Thinking again about the writing course I was on the other day we were told that one of the most important things you can do to make writing more understandable is to simplify things. I think that is a good principle in general, I have been to architectural reviews where the proposed solution is so complex I doubt anyone could understand it.
I learnt about complexity of systems a long time ago when I was heading up the hardware design team for a very advanced mainframe attached parallel processor for very compute intensive applications. My team completed the hardware design and got it working on schedule and under budget but the software team doing the OS were miles adrift. Eventually they got the code to work but it was huge, some 100K lines on each of the 64 processors (in those days that was a big program!). I have to say that they were very smart guys and good programmers but the OS architecture and implementation did seem overly complex to me.

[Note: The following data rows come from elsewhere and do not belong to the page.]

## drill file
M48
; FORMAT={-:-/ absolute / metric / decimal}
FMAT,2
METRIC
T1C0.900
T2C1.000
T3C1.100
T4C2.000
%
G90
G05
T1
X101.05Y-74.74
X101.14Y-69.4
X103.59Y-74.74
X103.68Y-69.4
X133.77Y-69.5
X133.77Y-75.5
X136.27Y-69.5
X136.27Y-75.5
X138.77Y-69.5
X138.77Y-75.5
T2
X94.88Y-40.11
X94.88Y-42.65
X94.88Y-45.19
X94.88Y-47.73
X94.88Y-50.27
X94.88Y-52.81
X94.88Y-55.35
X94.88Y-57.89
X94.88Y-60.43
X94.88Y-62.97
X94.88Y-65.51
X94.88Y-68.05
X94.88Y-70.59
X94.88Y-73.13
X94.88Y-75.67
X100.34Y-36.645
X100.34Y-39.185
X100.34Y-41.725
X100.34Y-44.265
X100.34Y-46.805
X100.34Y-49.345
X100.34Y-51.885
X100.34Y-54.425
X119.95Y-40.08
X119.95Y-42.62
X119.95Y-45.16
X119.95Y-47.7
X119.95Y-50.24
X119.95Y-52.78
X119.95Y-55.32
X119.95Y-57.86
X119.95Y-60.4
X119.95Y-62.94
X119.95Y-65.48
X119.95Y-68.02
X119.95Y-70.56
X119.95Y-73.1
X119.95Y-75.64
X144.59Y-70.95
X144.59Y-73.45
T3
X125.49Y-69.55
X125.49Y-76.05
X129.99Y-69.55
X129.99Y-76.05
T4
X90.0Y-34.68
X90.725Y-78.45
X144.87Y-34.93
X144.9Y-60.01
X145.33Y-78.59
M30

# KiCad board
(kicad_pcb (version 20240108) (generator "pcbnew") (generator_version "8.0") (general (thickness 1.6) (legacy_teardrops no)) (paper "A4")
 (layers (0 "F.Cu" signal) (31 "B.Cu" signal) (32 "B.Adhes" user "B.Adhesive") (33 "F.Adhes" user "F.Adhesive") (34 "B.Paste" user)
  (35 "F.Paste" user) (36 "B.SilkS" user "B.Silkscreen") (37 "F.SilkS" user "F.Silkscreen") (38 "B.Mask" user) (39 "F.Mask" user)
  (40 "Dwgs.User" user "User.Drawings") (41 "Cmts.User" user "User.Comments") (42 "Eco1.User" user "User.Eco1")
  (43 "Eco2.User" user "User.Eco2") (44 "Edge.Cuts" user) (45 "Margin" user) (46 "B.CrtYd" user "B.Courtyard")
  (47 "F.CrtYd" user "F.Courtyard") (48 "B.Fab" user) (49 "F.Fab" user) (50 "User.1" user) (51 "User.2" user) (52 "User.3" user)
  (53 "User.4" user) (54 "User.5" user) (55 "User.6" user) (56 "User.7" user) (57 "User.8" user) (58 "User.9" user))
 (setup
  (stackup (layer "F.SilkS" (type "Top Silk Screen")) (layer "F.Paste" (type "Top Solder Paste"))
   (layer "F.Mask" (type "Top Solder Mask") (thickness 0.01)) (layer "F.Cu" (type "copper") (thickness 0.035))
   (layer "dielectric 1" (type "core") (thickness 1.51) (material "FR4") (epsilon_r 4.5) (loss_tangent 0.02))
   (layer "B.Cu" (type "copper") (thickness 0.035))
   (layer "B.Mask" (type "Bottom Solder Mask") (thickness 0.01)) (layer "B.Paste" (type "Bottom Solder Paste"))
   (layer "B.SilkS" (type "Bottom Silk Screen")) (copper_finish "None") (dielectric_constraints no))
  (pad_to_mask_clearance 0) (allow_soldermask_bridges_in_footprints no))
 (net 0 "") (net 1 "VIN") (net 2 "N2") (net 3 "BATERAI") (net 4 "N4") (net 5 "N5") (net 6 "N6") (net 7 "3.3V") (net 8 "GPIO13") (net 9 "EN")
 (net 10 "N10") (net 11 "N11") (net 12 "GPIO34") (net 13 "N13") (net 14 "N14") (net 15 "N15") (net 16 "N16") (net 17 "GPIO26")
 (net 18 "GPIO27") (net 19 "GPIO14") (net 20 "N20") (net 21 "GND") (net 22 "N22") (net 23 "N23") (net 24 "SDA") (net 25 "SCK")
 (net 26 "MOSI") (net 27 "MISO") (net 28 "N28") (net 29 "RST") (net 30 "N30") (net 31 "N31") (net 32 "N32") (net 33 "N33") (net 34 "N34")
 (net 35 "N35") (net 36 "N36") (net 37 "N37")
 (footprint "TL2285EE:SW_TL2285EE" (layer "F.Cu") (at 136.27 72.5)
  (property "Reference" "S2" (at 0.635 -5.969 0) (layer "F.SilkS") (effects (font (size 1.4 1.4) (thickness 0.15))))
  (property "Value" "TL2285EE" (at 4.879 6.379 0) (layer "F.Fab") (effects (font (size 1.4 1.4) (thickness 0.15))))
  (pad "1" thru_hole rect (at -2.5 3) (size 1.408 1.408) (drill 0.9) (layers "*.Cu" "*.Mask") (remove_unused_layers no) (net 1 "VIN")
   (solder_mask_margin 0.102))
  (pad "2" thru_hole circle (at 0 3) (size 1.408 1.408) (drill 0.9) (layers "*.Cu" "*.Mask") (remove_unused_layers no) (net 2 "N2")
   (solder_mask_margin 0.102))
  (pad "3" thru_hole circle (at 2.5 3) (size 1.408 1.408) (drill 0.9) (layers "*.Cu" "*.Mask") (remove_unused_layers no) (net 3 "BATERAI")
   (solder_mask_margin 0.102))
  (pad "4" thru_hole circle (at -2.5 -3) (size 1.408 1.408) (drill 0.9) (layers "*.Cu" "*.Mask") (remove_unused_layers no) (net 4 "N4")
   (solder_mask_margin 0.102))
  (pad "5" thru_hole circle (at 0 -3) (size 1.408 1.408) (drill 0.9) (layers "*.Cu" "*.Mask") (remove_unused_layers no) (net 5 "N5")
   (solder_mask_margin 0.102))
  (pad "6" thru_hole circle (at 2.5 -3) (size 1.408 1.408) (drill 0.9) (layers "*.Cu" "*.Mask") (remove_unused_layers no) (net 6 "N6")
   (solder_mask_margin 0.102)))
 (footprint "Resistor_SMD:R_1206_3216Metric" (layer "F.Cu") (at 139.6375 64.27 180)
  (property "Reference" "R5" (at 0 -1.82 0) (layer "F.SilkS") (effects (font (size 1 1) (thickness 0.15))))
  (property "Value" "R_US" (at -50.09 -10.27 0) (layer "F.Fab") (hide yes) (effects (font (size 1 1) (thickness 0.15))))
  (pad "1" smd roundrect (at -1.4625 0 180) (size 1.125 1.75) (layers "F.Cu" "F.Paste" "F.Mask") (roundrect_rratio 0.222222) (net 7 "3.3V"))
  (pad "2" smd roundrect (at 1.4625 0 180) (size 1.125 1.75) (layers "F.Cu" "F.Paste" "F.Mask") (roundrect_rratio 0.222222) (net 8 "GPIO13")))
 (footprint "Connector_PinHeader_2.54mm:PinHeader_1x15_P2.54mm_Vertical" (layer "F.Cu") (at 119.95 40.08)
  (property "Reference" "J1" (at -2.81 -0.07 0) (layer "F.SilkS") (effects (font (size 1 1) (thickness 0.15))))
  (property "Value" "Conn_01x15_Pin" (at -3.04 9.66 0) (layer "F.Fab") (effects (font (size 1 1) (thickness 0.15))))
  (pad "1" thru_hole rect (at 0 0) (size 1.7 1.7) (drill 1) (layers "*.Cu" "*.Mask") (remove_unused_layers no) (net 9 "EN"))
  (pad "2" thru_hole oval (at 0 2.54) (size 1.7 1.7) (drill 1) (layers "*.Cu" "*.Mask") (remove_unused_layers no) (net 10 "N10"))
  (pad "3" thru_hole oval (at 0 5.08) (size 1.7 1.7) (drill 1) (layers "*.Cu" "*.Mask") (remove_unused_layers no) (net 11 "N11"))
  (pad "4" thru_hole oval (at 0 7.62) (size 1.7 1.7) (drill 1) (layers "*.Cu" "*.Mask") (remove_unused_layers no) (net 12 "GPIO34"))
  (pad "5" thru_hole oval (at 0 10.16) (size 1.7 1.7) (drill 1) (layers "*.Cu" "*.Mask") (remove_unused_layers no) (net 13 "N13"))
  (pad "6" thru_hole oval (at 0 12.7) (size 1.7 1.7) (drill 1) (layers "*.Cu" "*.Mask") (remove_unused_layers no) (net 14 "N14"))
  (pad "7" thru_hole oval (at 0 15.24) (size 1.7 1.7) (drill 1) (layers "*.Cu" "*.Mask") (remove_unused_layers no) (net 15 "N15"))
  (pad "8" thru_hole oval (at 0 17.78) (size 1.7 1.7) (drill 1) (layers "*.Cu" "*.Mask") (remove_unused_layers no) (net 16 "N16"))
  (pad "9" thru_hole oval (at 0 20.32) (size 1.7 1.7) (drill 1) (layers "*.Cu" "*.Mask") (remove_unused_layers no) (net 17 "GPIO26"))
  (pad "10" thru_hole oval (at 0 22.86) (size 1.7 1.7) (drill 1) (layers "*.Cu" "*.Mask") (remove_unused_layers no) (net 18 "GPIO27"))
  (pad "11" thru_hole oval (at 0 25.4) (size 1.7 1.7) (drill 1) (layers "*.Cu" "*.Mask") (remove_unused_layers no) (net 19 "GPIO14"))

Anyway we went into integration test and the system kept crashing the mainframe. On investigation we found that it was running so slowly that sometimes the mainframe timed out. I was told it my fault and to improve the hardware performance so I wrung every nanosecond out of the design and doubled the hardware speed but it was nowhere near enough. Everyone kept saying it was the hardware causing the problem so in the end I wrote a hardware test harness which just ran the mainframe interfaces. This ran for a week without a failure so I pointed out it must be the software. I must admit to a certain amount of gloating over this, after all I had been accused as the bad guy for about 6 months. Sure enough the test shut the software guys up a treat however I didn’t think about all the ramifications.
About a week after the completion of the hardware verification test I caught flu and was at home in bed feeling dreadful when the phone went. It was my boss to say that a very important customer to whom the system had been promised had phoned up our VP and given him a roasting about non delivery. This of course had been passed down the management chain at high speed until it reached my boss who decided to fire the software guys and get me to write the code instead! After all I had managed to get it to work in test. I pointed out that I had just written a hardware test harness not a complete multiprocessor, multichannel, parallel, high performance operating. That argument rather went over his head and I got told to get a team together and write the OS in a month! The original estimate had been six months and the experienced software team of ten had been at it for over a year so it seemed like a big challenge to me, especially as I didn’t have any programmers and did have flu. Life can be so like Dilbert.
Anyway I dragged myself into work and got hold of a couple of interns that had been doing some of the hardware test coding for me. I didn’t tell them the magnitude what we were trying to do but explained the architecture of the system. I also got a couple of programmers from the customers who had been doing acceptance testing and roped them in too. We set to work with a beta date two weeks later. After two weeks of intense coding we had the code finished and fired it up. Needless to say it hung big time. Debugging OS’s, especially multiprocessor ones is very difficult; every time you try to measure something it changes the dynamics of the system and so the failure mode. In the end we spent three intense days with the listings, a white board and a lot of coffee and finally cracked the problem. Back to the system, reload the code and it all worked brilliantly. We just had one small glitch so the system hung very occasionally but we knew what that was and how to fix it.
Time was up however and we had to go into customer acceptance test. Sod’s law cut in and the glitch showed up just at the wrong moment. However because we had the customers programmers on the team and they knew we had a handle on the problem we got a sign off to ship.
There was great relief and celebrations all around. The interesting thing was that the code was one tenth the size of the original software and ran 100 times faster, it was just much simpler. We fixed the final glitch and installed the processor in the customers DP centre. My boss got a big promotion and I got a certificate. Someone please tell me this doesn’t always happen!
An interesting footnote to this story happened five years later when out of the blue I got a letter from the customer. They had been keeping availability statistics for all their IT equipment and in the whole of the five years my system had not crashed once, giving over 99.999999% (8 nines) availability. It was the most reliable system they had (including the mainframes) and they wanted to give me an award. When my management heard about this they asked me to write a white paper about architecting highly available multiprocessor operating systems. It was a very short white paper, it just said:
Keep it Simple, Stupid.
Of course it never got published, it was far too simple!